Records drawn from a dataset
----
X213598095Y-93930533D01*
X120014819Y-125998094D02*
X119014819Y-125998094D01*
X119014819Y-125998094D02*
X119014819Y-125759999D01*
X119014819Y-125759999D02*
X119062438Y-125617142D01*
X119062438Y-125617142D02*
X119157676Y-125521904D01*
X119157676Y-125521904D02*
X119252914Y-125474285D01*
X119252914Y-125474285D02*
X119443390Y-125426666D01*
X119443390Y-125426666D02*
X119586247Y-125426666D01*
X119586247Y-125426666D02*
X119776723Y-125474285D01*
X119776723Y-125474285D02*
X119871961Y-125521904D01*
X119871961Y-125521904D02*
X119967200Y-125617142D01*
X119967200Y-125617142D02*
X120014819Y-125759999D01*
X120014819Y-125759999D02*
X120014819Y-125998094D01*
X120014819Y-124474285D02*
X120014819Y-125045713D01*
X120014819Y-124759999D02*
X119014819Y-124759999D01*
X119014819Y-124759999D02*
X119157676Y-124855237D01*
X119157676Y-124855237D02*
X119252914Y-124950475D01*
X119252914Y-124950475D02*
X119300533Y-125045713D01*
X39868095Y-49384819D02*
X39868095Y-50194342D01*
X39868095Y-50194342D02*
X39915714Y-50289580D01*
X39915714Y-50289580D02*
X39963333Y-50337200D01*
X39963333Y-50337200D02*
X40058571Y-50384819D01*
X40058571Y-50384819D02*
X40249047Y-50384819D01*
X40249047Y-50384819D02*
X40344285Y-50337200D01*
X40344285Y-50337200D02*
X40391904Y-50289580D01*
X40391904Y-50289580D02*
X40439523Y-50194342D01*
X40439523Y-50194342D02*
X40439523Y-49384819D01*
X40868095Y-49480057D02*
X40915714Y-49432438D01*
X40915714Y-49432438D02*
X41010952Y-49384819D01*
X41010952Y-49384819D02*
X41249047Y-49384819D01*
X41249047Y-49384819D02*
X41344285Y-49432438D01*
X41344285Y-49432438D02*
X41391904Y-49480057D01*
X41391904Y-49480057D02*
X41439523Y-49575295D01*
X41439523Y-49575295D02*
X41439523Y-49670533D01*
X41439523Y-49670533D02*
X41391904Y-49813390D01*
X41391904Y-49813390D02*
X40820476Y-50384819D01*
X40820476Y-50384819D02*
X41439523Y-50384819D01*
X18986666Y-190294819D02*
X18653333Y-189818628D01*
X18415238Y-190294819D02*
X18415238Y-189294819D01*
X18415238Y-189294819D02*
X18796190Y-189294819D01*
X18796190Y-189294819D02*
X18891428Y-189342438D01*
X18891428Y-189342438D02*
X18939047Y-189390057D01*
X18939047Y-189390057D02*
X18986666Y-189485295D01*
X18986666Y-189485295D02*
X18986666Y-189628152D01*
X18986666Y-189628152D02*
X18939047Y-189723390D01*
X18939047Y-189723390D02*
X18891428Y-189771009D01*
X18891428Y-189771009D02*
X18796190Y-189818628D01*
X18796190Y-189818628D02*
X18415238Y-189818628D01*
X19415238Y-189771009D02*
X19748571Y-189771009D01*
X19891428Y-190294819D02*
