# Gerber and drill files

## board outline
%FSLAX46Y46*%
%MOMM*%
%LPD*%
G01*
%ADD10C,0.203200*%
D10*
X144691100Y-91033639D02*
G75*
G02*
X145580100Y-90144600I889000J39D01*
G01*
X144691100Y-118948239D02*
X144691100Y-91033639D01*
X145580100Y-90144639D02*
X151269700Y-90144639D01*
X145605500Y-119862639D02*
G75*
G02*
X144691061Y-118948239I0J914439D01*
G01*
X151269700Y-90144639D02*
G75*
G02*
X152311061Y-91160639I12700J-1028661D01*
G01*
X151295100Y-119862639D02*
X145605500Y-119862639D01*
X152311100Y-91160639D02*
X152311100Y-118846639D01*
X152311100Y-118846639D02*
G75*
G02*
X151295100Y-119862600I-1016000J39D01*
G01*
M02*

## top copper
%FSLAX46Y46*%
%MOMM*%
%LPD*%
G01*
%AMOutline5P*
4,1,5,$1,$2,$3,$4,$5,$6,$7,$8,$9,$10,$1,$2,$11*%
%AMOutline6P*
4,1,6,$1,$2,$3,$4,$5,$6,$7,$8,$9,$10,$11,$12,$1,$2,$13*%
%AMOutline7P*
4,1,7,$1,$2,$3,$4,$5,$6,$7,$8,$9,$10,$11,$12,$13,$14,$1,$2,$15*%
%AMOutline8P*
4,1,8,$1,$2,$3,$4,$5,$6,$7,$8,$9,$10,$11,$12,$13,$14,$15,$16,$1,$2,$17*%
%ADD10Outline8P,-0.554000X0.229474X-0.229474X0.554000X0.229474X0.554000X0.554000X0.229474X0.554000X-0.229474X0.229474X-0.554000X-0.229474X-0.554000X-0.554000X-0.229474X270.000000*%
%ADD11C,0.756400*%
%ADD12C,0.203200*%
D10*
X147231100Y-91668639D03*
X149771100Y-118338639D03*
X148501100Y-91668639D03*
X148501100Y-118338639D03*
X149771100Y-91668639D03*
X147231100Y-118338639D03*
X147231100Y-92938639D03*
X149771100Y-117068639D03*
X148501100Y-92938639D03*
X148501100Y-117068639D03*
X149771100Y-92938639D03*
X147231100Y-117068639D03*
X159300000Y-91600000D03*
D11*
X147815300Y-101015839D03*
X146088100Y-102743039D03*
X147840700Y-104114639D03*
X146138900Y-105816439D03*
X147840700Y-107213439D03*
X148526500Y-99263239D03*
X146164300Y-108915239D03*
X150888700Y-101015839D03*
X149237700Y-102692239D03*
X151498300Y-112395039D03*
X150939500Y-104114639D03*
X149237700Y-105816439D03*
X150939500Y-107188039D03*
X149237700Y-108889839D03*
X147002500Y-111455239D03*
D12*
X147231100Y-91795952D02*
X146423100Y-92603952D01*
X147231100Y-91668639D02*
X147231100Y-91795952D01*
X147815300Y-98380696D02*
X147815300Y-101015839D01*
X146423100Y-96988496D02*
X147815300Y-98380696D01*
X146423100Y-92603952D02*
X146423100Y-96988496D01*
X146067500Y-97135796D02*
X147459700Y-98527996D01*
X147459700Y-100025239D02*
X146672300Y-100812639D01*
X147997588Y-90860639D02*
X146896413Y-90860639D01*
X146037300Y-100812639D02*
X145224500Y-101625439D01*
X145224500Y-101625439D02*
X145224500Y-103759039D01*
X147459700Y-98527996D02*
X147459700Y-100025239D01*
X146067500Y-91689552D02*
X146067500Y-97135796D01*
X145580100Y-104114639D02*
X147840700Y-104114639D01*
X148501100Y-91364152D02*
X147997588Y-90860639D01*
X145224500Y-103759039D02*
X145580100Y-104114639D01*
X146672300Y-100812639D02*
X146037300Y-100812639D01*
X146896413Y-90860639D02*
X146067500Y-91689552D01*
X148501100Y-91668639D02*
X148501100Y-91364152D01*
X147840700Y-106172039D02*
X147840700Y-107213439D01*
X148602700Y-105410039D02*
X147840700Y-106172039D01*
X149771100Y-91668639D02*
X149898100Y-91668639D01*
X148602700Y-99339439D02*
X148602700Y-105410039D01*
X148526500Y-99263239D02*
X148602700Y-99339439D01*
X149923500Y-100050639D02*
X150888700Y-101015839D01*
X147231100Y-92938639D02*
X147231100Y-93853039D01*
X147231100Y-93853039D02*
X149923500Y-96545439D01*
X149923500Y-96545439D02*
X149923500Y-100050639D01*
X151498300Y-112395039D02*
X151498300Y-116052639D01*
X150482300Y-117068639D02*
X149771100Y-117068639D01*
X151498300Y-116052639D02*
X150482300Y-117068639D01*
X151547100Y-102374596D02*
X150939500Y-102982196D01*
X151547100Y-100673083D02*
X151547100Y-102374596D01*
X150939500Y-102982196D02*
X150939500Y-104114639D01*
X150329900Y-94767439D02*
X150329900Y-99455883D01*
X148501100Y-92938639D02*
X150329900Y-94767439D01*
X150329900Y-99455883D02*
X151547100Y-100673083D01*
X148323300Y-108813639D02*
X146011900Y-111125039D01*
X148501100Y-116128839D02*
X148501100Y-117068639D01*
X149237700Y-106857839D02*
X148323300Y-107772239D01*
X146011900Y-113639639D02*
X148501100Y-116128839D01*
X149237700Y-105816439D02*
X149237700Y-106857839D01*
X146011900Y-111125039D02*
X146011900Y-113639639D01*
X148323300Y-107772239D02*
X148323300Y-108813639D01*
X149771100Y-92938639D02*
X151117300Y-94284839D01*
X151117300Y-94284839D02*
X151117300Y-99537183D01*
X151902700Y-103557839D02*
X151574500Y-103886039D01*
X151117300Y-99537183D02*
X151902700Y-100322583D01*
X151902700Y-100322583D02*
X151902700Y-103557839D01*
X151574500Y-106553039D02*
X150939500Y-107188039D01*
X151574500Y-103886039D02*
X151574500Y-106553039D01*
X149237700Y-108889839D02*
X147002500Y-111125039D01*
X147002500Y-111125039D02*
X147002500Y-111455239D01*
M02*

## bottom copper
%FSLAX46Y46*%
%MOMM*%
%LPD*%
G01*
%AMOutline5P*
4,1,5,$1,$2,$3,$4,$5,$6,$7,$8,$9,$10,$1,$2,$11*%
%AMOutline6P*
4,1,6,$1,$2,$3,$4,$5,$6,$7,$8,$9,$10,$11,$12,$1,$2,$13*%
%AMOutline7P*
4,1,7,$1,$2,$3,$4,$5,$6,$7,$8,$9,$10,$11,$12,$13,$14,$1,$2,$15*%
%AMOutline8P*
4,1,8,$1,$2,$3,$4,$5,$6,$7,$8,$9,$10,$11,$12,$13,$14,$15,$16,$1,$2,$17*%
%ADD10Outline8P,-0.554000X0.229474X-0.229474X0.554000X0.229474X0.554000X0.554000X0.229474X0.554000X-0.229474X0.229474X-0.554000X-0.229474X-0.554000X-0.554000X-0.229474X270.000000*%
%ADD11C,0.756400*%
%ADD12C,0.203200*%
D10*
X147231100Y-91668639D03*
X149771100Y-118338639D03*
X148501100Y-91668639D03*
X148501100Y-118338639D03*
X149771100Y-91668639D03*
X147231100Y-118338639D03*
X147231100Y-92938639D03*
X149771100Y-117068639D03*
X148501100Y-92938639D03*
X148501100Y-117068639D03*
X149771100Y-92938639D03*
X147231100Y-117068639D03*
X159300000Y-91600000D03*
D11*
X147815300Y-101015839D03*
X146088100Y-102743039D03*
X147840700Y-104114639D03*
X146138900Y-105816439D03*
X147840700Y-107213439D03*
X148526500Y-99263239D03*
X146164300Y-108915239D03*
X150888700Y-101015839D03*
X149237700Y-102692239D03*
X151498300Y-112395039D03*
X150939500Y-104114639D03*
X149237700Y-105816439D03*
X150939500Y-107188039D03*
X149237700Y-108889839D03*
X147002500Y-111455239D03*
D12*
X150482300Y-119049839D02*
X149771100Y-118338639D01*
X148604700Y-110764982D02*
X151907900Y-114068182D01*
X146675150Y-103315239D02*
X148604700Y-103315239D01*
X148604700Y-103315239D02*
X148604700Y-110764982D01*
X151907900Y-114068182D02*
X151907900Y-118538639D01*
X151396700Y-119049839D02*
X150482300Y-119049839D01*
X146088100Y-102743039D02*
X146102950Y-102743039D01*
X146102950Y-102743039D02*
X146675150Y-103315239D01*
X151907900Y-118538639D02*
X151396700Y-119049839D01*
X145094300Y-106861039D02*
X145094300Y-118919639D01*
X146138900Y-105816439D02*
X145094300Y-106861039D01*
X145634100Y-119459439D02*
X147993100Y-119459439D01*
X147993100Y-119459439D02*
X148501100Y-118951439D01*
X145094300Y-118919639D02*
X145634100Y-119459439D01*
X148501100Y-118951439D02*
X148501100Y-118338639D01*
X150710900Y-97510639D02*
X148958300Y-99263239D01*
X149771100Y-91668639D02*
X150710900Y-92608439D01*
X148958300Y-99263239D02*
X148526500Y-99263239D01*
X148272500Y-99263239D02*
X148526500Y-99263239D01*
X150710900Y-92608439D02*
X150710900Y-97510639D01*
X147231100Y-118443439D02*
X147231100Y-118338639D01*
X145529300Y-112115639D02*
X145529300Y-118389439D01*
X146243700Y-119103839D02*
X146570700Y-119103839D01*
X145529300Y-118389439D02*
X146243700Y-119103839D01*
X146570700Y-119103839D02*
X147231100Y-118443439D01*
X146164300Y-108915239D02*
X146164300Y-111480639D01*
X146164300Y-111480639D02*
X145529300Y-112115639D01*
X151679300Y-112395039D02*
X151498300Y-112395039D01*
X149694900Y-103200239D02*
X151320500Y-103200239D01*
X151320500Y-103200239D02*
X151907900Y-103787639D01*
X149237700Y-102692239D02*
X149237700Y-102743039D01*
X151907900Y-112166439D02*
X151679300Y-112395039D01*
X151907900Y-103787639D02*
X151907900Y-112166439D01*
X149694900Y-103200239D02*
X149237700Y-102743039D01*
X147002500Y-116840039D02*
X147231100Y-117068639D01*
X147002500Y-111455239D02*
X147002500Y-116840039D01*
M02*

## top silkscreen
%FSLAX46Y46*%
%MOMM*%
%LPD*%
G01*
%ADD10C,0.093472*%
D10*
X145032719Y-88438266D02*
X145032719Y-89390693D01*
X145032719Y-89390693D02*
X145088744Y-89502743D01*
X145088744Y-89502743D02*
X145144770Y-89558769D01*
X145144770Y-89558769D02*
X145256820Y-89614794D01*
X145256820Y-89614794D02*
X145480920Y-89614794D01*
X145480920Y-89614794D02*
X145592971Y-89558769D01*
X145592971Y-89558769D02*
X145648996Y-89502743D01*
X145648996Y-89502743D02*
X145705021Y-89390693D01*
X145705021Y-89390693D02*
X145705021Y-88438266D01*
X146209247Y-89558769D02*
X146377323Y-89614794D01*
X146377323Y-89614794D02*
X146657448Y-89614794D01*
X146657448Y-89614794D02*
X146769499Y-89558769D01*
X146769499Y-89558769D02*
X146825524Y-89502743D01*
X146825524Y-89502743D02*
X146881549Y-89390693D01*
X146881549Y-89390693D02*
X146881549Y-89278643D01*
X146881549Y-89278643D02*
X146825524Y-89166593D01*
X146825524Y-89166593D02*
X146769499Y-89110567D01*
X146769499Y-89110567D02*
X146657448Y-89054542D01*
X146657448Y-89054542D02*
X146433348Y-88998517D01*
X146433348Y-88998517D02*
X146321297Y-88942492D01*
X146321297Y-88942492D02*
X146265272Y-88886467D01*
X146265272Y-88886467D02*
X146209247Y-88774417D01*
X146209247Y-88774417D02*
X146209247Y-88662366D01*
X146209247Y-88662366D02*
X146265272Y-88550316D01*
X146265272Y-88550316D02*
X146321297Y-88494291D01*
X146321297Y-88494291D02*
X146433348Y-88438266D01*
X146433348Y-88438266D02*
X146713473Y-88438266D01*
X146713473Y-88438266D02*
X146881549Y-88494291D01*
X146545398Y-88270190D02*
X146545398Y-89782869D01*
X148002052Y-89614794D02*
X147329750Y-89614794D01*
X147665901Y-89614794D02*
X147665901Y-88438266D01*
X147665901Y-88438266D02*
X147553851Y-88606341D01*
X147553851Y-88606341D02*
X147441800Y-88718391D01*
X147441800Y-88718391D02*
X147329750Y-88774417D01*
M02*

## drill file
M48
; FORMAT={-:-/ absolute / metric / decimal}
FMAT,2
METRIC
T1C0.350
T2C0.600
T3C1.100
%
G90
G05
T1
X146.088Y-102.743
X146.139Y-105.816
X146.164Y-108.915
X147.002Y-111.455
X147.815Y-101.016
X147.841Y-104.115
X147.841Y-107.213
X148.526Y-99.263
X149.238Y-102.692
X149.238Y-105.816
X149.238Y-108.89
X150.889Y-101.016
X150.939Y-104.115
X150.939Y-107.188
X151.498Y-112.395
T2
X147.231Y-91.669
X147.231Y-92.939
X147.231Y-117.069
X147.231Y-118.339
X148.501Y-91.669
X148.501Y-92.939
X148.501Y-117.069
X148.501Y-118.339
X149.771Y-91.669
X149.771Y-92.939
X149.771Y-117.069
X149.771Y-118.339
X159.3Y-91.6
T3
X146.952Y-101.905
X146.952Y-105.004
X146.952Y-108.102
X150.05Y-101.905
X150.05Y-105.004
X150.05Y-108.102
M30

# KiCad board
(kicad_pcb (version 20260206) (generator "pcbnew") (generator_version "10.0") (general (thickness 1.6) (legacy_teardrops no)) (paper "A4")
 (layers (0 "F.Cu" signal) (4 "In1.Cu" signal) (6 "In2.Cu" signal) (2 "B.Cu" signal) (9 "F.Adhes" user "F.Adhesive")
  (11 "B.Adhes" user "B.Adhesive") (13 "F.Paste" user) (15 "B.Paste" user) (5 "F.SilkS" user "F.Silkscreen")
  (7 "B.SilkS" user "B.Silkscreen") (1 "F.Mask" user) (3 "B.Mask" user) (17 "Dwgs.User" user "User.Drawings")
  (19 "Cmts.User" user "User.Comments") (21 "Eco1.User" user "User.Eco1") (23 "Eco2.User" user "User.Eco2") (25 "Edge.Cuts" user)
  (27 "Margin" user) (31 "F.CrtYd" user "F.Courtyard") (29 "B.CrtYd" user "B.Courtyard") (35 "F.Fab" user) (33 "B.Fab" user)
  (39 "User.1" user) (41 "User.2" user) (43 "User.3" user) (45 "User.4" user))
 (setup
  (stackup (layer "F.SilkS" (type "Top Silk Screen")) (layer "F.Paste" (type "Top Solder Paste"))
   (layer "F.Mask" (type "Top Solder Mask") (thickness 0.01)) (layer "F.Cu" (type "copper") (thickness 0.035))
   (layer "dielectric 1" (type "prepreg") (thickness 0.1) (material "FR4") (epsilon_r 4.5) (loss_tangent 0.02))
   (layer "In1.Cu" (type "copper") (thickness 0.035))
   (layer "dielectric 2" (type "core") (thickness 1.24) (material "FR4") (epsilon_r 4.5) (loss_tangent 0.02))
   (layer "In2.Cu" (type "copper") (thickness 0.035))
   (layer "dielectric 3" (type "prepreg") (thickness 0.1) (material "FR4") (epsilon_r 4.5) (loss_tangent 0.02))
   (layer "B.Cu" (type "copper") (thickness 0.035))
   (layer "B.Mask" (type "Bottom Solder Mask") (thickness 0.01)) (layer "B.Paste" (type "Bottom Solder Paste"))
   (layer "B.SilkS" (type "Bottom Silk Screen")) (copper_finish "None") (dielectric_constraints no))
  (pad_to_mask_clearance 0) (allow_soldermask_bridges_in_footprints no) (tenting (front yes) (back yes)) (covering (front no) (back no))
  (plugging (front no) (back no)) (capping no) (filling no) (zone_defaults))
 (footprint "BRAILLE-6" (layer "F.Cu") (at 148.5011 105.003639)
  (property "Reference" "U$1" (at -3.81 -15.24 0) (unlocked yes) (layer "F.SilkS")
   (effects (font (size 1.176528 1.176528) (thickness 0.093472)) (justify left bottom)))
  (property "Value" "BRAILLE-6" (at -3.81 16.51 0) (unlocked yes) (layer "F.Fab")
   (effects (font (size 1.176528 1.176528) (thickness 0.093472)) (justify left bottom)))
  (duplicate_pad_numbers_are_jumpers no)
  (pad "P$1" thru_hole roundrect (at -1.27 -13.335 270) (size 1.108 1.108) (drill 0.6) (layers "*.Cu" "*.Mask") (remove_unused_layers no)
   (roundrect_rratio 0.25) (chamfer_ratio 0.2928932188) (chamfer top_left top_right bottom_left bottom_right) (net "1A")
   (solder_mask_margin 0.1016) (thermal_bridge_angle 0))
  (pad "P$2" thru_hole roundrect (at 1.27 13.335 270) (size 1.108 1.108) (drill 0.6) (layers "*.Cu" "*.Mask") (remove_unused_layers no)
   (roundrect_rratio 0.25) (chamfer_ratio 0.2928932188) (chamfer top_left top_right bottom_left bottom_right) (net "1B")
   (solder_mask_margin 0.1016) (thermal_bridge_angle 0))
  (pad "P$3" thru_hole roundrect (at 0 -13.335 270) (size 1.108 1.108) (drill 0.6) (layers "*.Cu" "*.Mask") (remove_unused_layers no)
   (roundrect_rratio 0.25) (chamfer_ratio 0.2928932188) (chamfer top_left top_right bottom_left bottom_right) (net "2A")
   (solder_mask_margin 0.1016) (thermal_bridge_angle 0))
  (pad "P$4" thru_hole roundrect (at 0 13.335 270) (size 1.108 1.108) (drill 0.6) (layers "*.Cu" "*.Mask") (remove_unused_layers no)
   (roundrect_rratio 0.25) (chamfer_ratio 0.2928932188) (chamfer top_left top_right bottom_left bottom_right) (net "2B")
   (solder_mask_margin 0.1016) (thermal_bridge_angle 0))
----
### DIRECTIONS
Find each line above that contains "Paste", and copy those lines.

### RESPONSE AREA
  (11 "B.Adhes" user "B.Adhesive") (13 "F.Paste" user) (15 "B.Paste" user) (5 "F.SilkS" user "F.Silkscreen")
  (stackup (layer "F.SilkS" (type "Top Silk Screen")) (layer "F.Paste" (type "Top Solder Paste"))
   (layer "B.Mask" (type "Bottom Solder Mask") (thickness 0.01)) (layer "B.Paste" (type "Bottom Solder Paste"))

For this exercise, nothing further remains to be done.